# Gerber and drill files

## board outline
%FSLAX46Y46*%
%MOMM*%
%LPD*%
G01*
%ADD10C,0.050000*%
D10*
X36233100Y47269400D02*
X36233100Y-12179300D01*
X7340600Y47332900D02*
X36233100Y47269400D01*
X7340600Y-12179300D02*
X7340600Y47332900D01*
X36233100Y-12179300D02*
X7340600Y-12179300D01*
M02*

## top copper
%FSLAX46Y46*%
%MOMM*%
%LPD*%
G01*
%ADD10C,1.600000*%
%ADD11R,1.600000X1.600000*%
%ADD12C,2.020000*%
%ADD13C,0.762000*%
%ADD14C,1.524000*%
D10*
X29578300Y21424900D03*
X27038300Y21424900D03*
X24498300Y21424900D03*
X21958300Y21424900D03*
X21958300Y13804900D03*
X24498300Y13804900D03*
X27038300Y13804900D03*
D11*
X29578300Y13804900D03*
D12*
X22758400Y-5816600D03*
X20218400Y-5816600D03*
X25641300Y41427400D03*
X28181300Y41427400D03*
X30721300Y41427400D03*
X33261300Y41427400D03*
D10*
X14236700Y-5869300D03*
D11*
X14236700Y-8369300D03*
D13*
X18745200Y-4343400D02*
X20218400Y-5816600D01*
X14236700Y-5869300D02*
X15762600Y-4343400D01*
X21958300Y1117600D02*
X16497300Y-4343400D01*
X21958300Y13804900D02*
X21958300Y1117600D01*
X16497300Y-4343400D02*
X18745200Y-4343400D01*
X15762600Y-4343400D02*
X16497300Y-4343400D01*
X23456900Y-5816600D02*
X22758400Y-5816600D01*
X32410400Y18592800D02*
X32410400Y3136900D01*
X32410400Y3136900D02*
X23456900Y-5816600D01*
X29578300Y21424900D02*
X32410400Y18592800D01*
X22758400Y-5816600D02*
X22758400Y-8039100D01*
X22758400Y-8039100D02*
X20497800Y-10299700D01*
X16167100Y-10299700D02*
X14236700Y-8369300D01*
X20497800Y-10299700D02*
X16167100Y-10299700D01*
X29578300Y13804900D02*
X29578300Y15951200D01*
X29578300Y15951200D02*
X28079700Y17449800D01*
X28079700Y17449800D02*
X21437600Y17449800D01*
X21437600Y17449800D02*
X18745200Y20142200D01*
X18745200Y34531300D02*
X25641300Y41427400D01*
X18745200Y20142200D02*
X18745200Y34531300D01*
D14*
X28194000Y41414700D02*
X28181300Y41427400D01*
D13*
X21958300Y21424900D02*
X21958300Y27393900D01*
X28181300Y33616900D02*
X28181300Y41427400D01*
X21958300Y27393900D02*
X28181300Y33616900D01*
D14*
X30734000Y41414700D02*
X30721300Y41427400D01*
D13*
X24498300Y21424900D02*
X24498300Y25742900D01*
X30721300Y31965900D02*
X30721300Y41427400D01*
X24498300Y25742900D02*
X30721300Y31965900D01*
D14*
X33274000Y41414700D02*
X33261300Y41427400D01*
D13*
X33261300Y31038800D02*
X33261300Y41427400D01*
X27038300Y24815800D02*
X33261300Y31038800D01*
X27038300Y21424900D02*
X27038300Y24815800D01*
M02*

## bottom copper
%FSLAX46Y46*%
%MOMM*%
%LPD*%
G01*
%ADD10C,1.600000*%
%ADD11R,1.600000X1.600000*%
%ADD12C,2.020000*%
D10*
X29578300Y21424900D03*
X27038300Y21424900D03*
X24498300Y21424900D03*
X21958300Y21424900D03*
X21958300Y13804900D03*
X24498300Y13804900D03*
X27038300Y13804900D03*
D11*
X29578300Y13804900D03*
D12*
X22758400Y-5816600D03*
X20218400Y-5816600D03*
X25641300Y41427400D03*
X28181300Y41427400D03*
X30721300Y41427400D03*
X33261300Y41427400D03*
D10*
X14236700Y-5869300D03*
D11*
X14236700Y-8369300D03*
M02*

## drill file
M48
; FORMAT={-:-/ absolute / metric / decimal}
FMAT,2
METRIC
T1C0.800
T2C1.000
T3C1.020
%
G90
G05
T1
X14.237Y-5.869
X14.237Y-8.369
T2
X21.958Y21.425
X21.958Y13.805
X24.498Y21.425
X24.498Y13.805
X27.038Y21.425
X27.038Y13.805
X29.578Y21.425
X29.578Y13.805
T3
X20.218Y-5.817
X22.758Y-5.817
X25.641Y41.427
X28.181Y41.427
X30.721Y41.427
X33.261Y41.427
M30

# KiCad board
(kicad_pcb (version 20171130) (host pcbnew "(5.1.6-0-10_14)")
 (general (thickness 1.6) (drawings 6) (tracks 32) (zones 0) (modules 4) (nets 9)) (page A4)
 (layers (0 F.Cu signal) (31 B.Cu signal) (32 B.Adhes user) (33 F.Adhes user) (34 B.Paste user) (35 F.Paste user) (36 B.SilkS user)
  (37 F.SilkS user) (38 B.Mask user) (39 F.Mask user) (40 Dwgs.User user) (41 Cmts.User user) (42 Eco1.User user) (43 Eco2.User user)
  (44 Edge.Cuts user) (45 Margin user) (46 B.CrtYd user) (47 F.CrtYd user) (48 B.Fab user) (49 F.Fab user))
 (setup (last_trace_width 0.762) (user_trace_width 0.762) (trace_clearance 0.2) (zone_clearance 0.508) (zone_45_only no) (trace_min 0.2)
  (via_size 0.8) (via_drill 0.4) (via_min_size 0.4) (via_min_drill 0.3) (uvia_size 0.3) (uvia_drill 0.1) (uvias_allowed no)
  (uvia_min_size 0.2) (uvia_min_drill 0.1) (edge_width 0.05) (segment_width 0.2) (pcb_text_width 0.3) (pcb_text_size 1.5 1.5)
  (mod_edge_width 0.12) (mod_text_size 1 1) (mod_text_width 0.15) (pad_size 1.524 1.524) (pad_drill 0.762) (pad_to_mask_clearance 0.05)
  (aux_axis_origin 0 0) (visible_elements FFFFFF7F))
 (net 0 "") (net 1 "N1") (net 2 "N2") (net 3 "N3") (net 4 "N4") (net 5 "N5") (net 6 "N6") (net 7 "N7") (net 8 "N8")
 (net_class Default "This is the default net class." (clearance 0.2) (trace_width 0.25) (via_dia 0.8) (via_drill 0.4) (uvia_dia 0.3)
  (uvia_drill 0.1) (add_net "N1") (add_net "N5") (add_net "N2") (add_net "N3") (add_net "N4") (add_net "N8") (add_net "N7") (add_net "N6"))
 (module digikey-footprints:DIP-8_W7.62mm (layer B.Cu) (at 29.5783 -13.8049 90)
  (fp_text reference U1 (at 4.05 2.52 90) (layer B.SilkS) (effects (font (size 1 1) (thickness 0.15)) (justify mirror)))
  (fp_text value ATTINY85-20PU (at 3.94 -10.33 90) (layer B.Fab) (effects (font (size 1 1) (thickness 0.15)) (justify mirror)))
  (pad 8 thru_hole circle (at 7.62 0 90) (size 1.6 1.6) (drill 1) (layers *.Cu *.Mask) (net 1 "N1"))
  (pad 7 thru_hole circle (at 7.62 -2.54 90) (size 1.6 1.6) (drill 1) (layers *.Cu *.Mask) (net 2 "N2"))
  (pad 6 thru_hole circle (at 7.62 -5.08 90) (size 1.6 1.6) (drill 1) (layers *.Cu *.Mask) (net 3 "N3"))
  (pad 5 thru_hole circle (at 7.62 -7.62 90) (size 1.6 1.6) (drill 1) (layers *.Cu *.Mask) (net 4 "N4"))
  (pad 4 thru_hole circle (at 0 -7.62 90) (size 1.6 1.6) (drill 1) (layers *.Cu *.Mask) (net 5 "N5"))
  (pad 3 thru_hole circle (at 0 -5.08 90) (size 1.6 1.6) (drill 1) (layers *.Cu *.Mask) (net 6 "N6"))
  (pad 2 thru_hole circle (at 0 -2.54 90) (size 1.6 1.6) (drill 1) (layers *.Cu *.Mask) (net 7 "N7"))
  (pad 1 thru_hole rect (at 0 0 90) (size 1.6 1.6) (drill 1) (layers *.Cu *.Mask) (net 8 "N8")))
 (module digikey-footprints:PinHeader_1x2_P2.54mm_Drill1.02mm (layer F.Cu) (at 20.2184 5.8166)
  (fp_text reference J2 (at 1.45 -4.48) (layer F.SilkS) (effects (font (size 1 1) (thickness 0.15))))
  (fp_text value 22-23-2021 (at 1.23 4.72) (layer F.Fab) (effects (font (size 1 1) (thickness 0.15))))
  (pad 2 thru_hole circle (at 2.54 0) (size 2.02 2.02) (drill 1.02) (layers *.Cu *.Mask) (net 1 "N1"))
  (pad 1 thru_hole circle (at 0 0) (size 2.02 2.02) (drill 1.02) (layers *.Cu *.Mask) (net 5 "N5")))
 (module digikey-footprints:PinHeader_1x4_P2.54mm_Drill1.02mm (layer F.Cu) (at 33.2613 -41.4274 180)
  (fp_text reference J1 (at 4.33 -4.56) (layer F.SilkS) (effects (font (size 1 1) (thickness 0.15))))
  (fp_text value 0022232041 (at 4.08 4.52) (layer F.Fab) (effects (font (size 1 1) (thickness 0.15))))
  (pad 4 thru_hole circle (at 7.62 0 180) (size 2.02 2.02) (drill 1.02) (layers *.Cu *.Mask) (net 8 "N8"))
  (pad 3 thru_hole circle (at 5.08 0 180) (size 2.02 2.02) (drill 1.02) (layers *.Cu *.Mask) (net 4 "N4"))
  (pad 2 thru_hole circle (at 2.54 0 180) (size 2.02 2.02) (drill 1.02) (layers *.Cu *.Mask) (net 3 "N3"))
  (pad 1 thru_hole circle (at 0 0 180) (size 2.02 2.02) (drill 1.02) (layers *.Cu *.Mask) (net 2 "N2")))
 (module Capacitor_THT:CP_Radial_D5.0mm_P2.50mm (layer F.Cu) (at 14.2367 8.3693 90)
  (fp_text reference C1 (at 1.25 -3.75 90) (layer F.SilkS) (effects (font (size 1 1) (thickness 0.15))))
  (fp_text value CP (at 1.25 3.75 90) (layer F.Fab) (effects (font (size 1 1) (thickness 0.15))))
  (pad 2 thru_hole circle (at 2.5 0 90) (size 1.6 1.6) (drill 0.8) (layers *.Cu *.Mask) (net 5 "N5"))
  (pad 1 thru_hole rect (at 0 0 90) (size 1.6 1.6) (drill 0.8) (layers *.Cu *.Mask) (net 1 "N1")))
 (gr_line (start 36.2331 -47.2694) (end 36.2331 12.1793) (layer Edge.Cuts) (width 0.05))
 (gr_line (start 7.3406 -47.3329) (end 36.2331 -47.2694) (layer Edge.Cuts) (width 0.05))
 (gr_line (start 7.3406 12.1793) (end 7.3406 -47.3329) (layer Edge.Cuts) (width 0.05))
 (gr_line (start 36.2331 12.1793) (end 7.3406 12.1793) (layer Edge.Cuts) (width 0.05))
 (segment (start 18.7452 4.3434) (end 20.2184 5.8166) (width 0.762) (layer F.Cu) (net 5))
 (segment (start 14.2367 5.8693) (end 15.7626 4.3434) (width 0.762) (layer F.Cu) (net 5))
 (segment (start 21.9583 -1.1176) (end 16.4973 4.3434) (width 0.762) (layer F.Cu) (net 5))
 (segment (start 21.9583 -13.8049) (end 21.9583 -1.1176) (width 0.762) (layer F.Cu) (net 5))
 (segment (start 16.4973 4.3434) (end 18.7452 4.3434) (width 0.762) (layer F.Cu) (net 5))
 (segment (start 15.7626 4.3434) (end 16.4973 4.3434) (width 0.762) (layer F.Cu) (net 5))
 (segment (start 23.4569 5.8166) (end 22.7584 5.8166) (width 0.762) (layer F.Cu) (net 1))
 (segment (start 32.4104 -18.5928) (end 32.4104 -3.1369) (width 0.762) (layer F.Cu) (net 1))
 (segment (start 32.4104 -3.1369) (end 23.4569 5.8166) (width 0.762) (layer F.Cu) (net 1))
 (segment (start 29.5783 -21.4249) (end 32.4104 -18.5928) (width 0.762) (layer F.Cu) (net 1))
 (segment (start 22.7584 5.8166) (end 22.7584 8.0391) (width 0.762) (layer F.Cu) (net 1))
 (segment (start 22.7584 8.0391) (end 20.4978 10.2997) (width 0.762) (layer F.Cu) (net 1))
 (segment (start 16.1671 10.2997) (end 14.2367 8.3693) (width 0.762) (layer F.Cu) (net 1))
 (segment (start 20.4978 10.2997) (end 16.1671 10.2997) (width 0.762) (layer F.Cu) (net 1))
 (segment (start 29.5783 -13.8049) (end 29.5783 -15.9512) (width 0.762) (layer F.Cu) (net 8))
 (segment (start 29.5783 -15.9512) (end 28.0797 -17.4498) (width 0.762) (layer F.Cu) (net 8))
 (segment (start 28.0797 -17.4498) (end 21.4376 -17.4498) (width 0.762) (layer F.Cu) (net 8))
 (segment (start 21.4376 -17.4498) (end 18.7452 -20.1422) (width 0.762) (layer F.Cu) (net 8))
 (segment (start 18.7452 -34.5313) (end 25.6413 -41.4274) (width 0.762) (layer F.Cu) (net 8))
 (segment (start 18.7452 -20.1422) (end 18.7452 -34.5313) (width 0.762) (layer F.Cu) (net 8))
 (segment (start 28.194 -41.4147) (end 28.1813 -41.4274) (width 1.524) (layer F.Cu) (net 4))
 (segment (start 21.9583 -21.4249) (end 21.9583 -27.3939) (width 0.762) (layer F.Cu) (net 4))
 (segment (start 28.1813 -33.6169) (end 28.1813 -41.4274) (width 0.762) (layer F.Cu) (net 4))
 (segment (start 21.9583 -27.3939) (end 28.1813 -33.6169) (width 0.762) (layer F.Cu) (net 4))
 (segment (start 30.734 -41.4147) (end 30.7213 -41.4274) (width 1.524) (layer F.Cu) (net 3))
 (segment (start 24.4983 -21.4249) (end 24.4983 -25.7429) (width 0.762) (layer F.Cu) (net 3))
 (segment (start 30.7213 -31.9659) (end 30.7213 -41.4274) (width 0.762) (layer F.Cu) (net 3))
 (segment (start 24.4983 -25.7429) (end 30.7213 -31.9659) (width 0.762) (layer F.Cu) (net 3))
 (segment (start 33.274 -41.4147) (end 33.2613 -41.4274) (width 1.524) (layer F.Cu) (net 2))
 (segment (start 33.2613 -31.0388) (end 33.2613 -41.4274) (width 0.762) (layer F.Cu) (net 2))
 (segment (start 27.0383 -24.8158) (end 33.2613 -31.0388) (width 0.762) (layer F.Cu) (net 2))
 (segment (start 27.0383 -21.4249) (end 27.0383 -24.8158) (width 0.762) (layer F.Cu) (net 2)))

#####

» **TO DO**: How many of the lines above include the word "digikey"? State that number and nothing else.

» **ANSWER SECTION**: 3